-
Notifications
You must be signed in to change notification settings - Fork 16
Description
Bug report: MultiDBD.get() returns fewer data points when a second MultiDBD instance (different file type) is created first in the same Python session
Library: dbdreader v0.5.8
Python: 3.14.2
OS: Linux
Summary
Creating a MultiDBD instance for .dbd (flight-computer) files and calling .get() on it before creating a separate MultiDBD instance for .ebd (science-computer) files causes the .ebd instance to return significantly fewer data points — consistently and reproducibly — than when the .ebd instance is created first.
This leads to silently incomplete data and, because the effect size varies somewhat between Python sessions, non-reproducible processing pipelines.

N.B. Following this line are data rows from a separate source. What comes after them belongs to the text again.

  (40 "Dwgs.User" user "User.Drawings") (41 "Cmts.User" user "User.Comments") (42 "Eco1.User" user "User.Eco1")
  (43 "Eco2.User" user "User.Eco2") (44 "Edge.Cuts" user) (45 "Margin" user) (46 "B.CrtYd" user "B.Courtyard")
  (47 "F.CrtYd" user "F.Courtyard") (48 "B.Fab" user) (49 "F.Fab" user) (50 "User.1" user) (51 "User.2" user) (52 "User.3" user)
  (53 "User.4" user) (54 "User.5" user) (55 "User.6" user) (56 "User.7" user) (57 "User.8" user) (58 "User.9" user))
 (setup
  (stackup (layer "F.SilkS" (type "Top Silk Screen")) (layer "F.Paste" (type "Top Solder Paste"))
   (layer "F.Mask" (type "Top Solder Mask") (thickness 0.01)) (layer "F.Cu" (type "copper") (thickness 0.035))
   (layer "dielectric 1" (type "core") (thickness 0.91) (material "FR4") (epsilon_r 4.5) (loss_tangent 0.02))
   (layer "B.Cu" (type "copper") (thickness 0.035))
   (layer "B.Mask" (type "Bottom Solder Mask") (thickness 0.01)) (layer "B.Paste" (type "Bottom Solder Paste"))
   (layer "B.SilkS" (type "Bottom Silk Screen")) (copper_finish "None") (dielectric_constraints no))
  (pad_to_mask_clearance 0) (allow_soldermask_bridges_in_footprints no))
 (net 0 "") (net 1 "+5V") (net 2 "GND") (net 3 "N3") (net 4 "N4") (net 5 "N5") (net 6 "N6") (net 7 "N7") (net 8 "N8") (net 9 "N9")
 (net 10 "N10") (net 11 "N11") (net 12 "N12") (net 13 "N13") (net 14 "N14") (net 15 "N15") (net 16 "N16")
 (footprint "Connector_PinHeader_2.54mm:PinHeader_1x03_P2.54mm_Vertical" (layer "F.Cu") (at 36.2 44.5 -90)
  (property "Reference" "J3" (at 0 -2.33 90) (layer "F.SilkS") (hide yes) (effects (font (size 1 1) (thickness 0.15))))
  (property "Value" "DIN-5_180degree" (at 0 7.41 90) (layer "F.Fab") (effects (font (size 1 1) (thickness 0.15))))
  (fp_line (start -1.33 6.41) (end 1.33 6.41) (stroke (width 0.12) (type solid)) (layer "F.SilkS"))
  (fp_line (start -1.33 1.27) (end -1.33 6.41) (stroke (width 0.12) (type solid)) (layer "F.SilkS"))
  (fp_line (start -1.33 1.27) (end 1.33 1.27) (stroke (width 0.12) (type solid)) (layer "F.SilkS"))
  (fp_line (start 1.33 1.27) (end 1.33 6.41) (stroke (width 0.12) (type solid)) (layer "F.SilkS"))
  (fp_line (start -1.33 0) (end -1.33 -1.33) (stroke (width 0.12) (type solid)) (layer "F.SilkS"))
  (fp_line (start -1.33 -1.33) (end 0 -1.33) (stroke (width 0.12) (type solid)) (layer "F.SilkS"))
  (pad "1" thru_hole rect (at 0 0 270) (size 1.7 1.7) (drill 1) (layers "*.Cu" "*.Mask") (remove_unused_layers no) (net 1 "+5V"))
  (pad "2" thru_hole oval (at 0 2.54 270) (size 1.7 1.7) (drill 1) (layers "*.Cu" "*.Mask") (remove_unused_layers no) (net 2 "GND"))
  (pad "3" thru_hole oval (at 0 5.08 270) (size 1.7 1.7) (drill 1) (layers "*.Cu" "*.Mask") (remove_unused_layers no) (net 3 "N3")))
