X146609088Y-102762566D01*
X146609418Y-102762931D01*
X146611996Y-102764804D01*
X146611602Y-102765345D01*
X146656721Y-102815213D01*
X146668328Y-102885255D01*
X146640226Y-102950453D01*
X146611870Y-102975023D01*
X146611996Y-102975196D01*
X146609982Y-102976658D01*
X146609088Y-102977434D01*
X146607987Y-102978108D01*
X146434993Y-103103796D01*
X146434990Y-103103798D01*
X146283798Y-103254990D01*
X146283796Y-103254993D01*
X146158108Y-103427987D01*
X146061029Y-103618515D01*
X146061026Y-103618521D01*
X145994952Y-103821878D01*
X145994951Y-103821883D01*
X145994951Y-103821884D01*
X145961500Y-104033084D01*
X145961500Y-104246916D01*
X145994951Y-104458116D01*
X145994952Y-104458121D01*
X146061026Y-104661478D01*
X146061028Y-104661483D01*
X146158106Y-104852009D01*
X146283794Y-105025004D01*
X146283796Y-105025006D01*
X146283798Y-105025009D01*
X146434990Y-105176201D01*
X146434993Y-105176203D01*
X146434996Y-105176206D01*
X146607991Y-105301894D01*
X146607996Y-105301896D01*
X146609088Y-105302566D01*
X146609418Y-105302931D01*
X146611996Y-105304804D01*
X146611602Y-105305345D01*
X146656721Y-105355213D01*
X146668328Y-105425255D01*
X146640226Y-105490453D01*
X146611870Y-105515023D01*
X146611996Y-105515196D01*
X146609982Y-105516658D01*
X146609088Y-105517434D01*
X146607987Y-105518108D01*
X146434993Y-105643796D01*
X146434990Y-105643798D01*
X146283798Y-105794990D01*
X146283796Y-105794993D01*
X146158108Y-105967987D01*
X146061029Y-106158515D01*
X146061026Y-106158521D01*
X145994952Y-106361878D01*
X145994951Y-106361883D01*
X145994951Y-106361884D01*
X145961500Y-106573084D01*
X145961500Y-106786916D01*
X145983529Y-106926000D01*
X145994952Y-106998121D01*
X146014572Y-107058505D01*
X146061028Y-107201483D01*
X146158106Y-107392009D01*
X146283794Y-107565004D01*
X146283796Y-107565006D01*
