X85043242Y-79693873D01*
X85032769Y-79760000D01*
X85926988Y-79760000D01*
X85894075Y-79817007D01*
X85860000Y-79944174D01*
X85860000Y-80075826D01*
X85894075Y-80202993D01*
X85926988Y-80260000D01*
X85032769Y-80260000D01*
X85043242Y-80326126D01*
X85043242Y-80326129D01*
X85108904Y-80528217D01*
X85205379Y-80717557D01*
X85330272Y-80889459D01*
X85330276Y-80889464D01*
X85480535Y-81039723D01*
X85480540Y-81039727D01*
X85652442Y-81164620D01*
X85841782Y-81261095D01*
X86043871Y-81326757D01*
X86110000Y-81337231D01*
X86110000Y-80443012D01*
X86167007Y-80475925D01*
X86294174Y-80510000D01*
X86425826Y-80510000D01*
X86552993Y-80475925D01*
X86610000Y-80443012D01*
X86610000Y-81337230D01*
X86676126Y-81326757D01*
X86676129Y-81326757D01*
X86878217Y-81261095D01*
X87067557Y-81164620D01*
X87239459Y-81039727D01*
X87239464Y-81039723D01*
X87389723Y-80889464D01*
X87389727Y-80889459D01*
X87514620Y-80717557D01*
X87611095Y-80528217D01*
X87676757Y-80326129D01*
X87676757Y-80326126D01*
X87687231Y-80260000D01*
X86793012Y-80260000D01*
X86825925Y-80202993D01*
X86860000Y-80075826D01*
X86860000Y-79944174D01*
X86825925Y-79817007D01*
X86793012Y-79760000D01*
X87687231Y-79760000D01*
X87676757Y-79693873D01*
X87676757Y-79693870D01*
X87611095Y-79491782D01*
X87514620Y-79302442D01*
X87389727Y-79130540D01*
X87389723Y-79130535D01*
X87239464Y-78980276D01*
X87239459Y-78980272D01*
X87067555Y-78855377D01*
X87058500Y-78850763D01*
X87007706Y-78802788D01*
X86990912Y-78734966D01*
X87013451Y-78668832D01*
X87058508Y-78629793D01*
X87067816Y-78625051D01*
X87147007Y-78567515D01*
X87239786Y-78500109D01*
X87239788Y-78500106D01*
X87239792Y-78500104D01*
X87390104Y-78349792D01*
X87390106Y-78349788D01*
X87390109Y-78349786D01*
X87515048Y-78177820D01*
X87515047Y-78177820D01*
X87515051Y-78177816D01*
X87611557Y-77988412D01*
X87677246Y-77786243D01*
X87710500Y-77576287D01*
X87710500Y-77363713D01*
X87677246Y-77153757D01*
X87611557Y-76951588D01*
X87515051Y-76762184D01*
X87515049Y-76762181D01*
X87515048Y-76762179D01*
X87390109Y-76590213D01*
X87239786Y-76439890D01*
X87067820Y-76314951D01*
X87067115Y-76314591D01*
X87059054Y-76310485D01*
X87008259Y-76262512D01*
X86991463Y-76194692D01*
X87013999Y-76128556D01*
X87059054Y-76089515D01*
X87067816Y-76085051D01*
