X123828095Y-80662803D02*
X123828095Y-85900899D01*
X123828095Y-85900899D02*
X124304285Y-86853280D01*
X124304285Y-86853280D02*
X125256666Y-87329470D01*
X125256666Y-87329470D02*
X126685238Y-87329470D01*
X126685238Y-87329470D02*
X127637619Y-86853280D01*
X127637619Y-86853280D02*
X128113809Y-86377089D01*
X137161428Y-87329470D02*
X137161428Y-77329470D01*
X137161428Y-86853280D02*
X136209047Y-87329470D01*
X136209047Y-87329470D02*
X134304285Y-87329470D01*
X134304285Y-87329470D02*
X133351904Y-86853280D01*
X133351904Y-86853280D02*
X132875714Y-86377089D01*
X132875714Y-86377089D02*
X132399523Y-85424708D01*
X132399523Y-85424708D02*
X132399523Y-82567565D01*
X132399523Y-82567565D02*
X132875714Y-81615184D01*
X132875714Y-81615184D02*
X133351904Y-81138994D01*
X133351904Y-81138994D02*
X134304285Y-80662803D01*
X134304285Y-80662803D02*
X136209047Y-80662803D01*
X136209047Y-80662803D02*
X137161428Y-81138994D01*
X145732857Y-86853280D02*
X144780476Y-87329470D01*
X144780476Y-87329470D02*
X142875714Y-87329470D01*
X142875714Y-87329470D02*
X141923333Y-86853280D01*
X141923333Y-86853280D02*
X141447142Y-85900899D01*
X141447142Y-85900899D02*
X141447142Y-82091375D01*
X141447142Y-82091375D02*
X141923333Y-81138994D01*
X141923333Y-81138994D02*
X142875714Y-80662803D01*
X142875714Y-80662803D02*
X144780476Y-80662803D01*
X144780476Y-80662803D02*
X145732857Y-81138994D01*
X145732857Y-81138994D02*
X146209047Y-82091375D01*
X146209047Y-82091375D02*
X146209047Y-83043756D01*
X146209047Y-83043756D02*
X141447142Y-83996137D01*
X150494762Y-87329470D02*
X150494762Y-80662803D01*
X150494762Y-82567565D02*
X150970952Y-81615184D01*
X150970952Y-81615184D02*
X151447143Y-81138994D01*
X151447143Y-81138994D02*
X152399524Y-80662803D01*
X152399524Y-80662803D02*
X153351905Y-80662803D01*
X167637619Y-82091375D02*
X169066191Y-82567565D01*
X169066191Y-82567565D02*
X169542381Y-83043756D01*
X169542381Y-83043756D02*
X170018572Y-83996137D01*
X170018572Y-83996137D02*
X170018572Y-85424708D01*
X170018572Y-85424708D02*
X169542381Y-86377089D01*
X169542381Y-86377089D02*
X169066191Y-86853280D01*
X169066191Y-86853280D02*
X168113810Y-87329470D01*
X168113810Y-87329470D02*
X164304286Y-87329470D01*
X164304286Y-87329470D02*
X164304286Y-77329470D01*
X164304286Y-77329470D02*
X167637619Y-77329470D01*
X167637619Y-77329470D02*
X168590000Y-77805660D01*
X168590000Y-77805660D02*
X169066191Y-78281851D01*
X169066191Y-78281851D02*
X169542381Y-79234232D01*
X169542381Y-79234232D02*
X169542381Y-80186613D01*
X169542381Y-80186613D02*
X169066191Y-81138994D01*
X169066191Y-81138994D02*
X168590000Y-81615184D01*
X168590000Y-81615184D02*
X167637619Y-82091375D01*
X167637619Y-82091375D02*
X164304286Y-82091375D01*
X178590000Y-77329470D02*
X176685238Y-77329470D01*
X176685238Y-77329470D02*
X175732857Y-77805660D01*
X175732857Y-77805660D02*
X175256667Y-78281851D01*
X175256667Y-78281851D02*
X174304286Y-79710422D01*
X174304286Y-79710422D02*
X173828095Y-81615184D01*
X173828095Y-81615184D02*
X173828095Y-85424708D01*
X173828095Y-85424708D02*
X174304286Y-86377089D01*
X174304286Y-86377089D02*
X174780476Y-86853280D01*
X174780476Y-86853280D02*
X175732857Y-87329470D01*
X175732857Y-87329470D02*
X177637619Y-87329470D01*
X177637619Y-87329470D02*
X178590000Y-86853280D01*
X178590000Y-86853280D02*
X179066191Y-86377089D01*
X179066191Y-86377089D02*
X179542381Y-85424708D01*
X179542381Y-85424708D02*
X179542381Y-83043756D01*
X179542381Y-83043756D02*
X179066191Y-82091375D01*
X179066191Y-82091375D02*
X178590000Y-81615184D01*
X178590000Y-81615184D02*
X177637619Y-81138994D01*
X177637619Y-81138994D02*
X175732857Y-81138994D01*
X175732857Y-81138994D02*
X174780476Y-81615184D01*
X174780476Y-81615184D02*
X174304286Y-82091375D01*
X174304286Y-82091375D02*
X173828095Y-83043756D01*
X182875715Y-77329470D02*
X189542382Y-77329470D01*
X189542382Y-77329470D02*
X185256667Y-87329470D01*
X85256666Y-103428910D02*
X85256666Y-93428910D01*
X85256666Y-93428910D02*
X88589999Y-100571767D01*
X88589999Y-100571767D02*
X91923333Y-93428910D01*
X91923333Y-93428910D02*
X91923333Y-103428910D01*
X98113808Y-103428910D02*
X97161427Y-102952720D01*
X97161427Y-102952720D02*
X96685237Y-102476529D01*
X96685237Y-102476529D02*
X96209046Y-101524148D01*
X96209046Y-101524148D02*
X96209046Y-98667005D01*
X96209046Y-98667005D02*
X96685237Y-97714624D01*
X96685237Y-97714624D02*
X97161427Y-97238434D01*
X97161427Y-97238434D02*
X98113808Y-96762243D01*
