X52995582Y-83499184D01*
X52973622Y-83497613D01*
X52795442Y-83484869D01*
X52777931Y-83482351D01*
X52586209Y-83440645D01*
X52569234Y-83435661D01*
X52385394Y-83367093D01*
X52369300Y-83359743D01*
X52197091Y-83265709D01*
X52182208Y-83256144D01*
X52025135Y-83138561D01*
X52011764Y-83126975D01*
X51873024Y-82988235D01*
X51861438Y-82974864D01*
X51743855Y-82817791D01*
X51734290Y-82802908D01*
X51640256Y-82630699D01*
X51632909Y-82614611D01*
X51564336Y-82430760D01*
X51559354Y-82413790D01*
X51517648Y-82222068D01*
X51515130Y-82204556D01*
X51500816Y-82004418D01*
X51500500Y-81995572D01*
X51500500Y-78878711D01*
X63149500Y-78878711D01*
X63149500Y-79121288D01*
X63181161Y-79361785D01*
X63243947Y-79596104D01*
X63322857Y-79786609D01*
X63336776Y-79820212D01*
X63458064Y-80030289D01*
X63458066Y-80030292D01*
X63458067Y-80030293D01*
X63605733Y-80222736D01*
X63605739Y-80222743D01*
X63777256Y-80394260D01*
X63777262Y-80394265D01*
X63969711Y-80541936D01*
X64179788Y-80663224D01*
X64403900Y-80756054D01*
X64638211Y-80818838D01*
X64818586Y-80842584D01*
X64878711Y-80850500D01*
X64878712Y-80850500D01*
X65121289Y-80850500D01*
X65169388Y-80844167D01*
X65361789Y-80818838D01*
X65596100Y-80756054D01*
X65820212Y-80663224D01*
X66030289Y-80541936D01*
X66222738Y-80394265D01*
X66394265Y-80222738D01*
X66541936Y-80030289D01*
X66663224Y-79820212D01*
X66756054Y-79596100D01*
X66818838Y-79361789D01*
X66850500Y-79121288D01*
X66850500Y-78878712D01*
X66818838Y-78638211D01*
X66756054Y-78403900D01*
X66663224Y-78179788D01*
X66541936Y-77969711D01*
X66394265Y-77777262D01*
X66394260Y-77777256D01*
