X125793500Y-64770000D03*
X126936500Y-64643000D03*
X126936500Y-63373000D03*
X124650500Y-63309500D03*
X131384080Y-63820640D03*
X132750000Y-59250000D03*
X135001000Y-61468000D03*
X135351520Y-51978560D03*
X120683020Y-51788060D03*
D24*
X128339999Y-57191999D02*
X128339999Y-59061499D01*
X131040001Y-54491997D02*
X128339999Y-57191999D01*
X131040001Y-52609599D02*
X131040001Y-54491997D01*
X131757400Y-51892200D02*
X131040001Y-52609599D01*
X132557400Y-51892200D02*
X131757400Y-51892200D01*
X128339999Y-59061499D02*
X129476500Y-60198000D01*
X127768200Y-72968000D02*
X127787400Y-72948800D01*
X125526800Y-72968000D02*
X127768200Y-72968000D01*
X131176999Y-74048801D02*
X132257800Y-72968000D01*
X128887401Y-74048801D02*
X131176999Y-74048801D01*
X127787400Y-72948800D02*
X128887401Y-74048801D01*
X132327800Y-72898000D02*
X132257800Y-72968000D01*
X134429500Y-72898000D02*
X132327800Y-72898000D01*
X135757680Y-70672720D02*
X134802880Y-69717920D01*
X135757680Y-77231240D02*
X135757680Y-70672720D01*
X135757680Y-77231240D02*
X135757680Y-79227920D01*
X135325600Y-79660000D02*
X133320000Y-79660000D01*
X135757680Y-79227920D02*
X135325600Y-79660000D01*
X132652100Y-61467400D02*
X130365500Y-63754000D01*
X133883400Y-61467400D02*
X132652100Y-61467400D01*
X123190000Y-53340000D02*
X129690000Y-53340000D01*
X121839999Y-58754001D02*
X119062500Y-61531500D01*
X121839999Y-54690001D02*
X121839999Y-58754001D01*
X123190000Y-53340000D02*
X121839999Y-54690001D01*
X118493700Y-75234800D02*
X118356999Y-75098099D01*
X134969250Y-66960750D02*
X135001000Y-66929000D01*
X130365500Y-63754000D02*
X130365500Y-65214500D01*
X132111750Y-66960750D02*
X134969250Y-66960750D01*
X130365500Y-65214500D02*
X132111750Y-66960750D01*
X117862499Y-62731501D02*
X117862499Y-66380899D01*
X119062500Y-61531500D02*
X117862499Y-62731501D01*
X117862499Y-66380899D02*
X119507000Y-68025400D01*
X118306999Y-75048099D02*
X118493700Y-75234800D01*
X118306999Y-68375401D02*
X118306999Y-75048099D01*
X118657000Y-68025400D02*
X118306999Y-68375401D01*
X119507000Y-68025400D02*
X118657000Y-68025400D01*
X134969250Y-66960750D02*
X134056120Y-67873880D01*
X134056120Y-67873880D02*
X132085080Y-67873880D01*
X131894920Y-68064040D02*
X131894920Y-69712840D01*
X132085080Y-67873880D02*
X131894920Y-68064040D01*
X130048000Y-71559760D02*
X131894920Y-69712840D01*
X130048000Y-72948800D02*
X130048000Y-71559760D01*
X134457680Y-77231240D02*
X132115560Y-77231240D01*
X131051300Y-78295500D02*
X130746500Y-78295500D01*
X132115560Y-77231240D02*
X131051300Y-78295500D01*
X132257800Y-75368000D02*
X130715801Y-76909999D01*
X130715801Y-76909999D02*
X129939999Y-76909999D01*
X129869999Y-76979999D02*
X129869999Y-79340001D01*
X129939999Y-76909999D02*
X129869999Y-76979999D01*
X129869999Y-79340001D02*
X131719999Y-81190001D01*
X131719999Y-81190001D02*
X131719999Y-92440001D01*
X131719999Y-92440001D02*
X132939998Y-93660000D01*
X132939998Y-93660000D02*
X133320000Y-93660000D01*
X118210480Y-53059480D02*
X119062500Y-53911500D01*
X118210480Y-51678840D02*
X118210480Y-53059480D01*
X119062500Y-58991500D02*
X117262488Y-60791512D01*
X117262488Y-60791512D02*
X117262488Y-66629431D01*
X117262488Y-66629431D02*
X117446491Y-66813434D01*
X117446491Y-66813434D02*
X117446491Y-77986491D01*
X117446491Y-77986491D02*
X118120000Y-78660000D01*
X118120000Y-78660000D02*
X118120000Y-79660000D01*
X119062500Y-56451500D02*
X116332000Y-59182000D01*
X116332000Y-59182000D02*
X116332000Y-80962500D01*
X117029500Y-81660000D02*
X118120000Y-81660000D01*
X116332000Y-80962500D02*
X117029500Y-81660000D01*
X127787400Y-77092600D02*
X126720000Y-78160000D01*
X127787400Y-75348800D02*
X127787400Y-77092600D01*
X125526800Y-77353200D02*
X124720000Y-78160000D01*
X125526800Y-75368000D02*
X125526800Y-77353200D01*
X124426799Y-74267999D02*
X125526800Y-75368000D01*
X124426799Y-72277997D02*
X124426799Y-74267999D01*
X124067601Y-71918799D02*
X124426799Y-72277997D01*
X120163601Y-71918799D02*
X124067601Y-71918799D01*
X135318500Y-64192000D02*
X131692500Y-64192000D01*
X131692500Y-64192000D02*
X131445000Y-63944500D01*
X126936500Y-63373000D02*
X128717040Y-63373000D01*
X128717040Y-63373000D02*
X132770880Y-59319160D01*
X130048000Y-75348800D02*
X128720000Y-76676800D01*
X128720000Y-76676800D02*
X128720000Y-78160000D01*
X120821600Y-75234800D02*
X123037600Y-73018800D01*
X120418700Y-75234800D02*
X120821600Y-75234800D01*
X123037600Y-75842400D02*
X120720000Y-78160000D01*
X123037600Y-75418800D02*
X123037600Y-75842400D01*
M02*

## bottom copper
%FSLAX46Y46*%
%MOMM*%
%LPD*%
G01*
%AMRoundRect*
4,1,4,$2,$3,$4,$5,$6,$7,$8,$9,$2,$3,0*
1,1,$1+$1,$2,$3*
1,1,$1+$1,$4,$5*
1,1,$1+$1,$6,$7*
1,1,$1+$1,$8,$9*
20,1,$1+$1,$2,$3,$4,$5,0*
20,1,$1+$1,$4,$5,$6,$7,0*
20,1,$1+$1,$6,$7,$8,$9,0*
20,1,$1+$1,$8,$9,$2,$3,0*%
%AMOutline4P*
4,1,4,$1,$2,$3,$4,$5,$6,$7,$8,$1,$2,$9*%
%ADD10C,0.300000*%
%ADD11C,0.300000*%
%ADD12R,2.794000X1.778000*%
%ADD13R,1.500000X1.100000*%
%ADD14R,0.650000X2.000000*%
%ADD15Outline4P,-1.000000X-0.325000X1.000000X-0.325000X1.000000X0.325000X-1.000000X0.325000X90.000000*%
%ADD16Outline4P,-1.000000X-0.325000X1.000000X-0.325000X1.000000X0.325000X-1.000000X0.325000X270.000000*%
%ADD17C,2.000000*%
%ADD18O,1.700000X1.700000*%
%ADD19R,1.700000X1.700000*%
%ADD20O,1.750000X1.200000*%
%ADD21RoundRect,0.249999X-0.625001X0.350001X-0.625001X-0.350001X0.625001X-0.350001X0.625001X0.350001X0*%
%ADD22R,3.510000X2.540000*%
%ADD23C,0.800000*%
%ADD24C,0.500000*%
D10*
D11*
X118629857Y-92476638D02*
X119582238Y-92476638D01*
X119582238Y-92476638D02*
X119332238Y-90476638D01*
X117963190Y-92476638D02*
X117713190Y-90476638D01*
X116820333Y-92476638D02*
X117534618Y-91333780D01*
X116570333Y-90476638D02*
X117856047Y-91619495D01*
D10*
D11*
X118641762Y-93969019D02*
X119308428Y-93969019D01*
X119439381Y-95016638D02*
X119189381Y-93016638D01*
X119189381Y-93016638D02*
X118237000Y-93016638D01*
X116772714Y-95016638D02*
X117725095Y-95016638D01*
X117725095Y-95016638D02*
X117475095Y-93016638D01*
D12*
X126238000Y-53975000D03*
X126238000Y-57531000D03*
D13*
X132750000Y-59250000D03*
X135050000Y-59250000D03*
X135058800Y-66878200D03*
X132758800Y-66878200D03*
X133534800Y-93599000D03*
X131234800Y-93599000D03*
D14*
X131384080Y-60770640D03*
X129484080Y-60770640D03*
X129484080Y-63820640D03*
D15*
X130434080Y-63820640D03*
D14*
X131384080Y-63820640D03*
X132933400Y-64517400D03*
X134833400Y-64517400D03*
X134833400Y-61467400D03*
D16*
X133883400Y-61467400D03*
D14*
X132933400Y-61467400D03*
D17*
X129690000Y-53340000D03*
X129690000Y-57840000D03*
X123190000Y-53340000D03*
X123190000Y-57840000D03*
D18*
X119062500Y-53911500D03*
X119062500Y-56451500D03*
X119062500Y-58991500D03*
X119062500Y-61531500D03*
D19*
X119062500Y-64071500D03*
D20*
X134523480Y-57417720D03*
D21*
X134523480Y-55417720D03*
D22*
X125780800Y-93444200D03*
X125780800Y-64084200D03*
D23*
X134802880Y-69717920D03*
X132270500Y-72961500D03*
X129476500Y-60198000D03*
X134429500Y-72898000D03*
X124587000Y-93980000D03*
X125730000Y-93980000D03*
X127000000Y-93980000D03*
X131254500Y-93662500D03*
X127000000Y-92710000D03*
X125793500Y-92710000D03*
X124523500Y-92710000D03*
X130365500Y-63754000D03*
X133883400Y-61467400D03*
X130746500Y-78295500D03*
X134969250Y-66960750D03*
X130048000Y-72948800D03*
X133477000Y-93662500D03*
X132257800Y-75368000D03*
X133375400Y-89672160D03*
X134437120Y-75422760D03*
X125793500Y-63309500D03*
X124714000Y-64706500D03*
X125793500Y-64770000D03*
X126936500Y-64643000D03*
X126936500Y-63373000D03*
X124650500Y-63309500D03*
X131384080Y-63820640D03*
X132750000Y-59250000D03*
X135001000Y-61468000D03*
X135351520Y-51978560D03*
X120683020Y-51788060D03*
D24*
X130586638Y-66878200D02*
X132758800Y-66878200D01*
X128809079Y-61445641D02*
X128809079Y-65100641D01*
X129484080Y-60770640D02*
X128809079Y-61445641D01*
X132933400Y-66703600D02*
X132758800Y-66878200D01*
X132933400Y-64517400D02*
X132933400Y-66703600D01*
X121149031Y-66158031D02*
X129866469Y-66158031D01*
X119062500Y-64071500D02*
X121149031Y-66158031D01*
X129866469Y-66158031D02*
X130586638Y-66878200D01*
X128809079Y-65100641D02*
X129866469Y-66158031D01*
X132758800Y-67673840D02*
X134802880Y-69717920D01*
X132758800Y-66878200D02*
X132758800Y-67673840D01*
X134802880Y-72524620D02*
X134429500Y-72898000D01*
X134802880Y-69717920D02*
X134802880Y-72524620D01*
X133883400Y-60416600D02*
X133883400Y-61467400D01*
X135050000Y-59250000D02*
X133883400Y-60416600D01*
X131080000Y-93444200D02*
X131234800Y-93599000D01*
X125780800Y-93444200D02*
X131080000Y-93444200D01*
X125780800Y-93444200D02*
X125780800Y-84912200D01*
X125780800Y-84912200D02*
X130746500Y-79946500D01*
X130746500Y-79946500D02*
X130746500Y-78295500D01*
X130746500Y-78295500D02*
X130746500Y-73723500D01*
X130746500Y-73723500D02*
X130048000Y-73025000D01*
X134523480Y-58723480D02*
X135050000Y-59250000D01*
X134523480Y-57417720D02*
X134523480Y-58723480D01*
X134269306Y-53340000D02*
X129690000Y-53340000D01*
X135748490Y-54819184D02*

Minimal reproducible example
import dbdreader
DATA = "/path/to/glider/hd/" # contains echo*.dbd and echo*.ebd
# Case A: load EBD first, then DBD
gl_ebd = dbdreader.MultiDBD(pattern=DATA + "echo*.ebd")
t_a, _ = gl_ebd.get("sci_ctd41cp_timestamp")
gl_dbd = dbdreader.MultiDBD(pattern=DATA + "echo*.dbd")
_ = gl_dbd.get("m_gps_lat")
print(f"Case A (EBD first): {len(t_a):,} points") # → 1,038,686
# Case B: load DBD first, then EBD (typical script order)
gl_dbd2 = dbdreader.MultiDBD(pattern=DATA + "echo*.dbd")
_ = gl_dbd2.get("m_gps_lat")
gl_ebd2 = dbdreader.MultiDBD(pattern=DATA + "echo*.ebd")
t_b, _ = gl_ebd2.get("sci_ctd41cp_timestamp")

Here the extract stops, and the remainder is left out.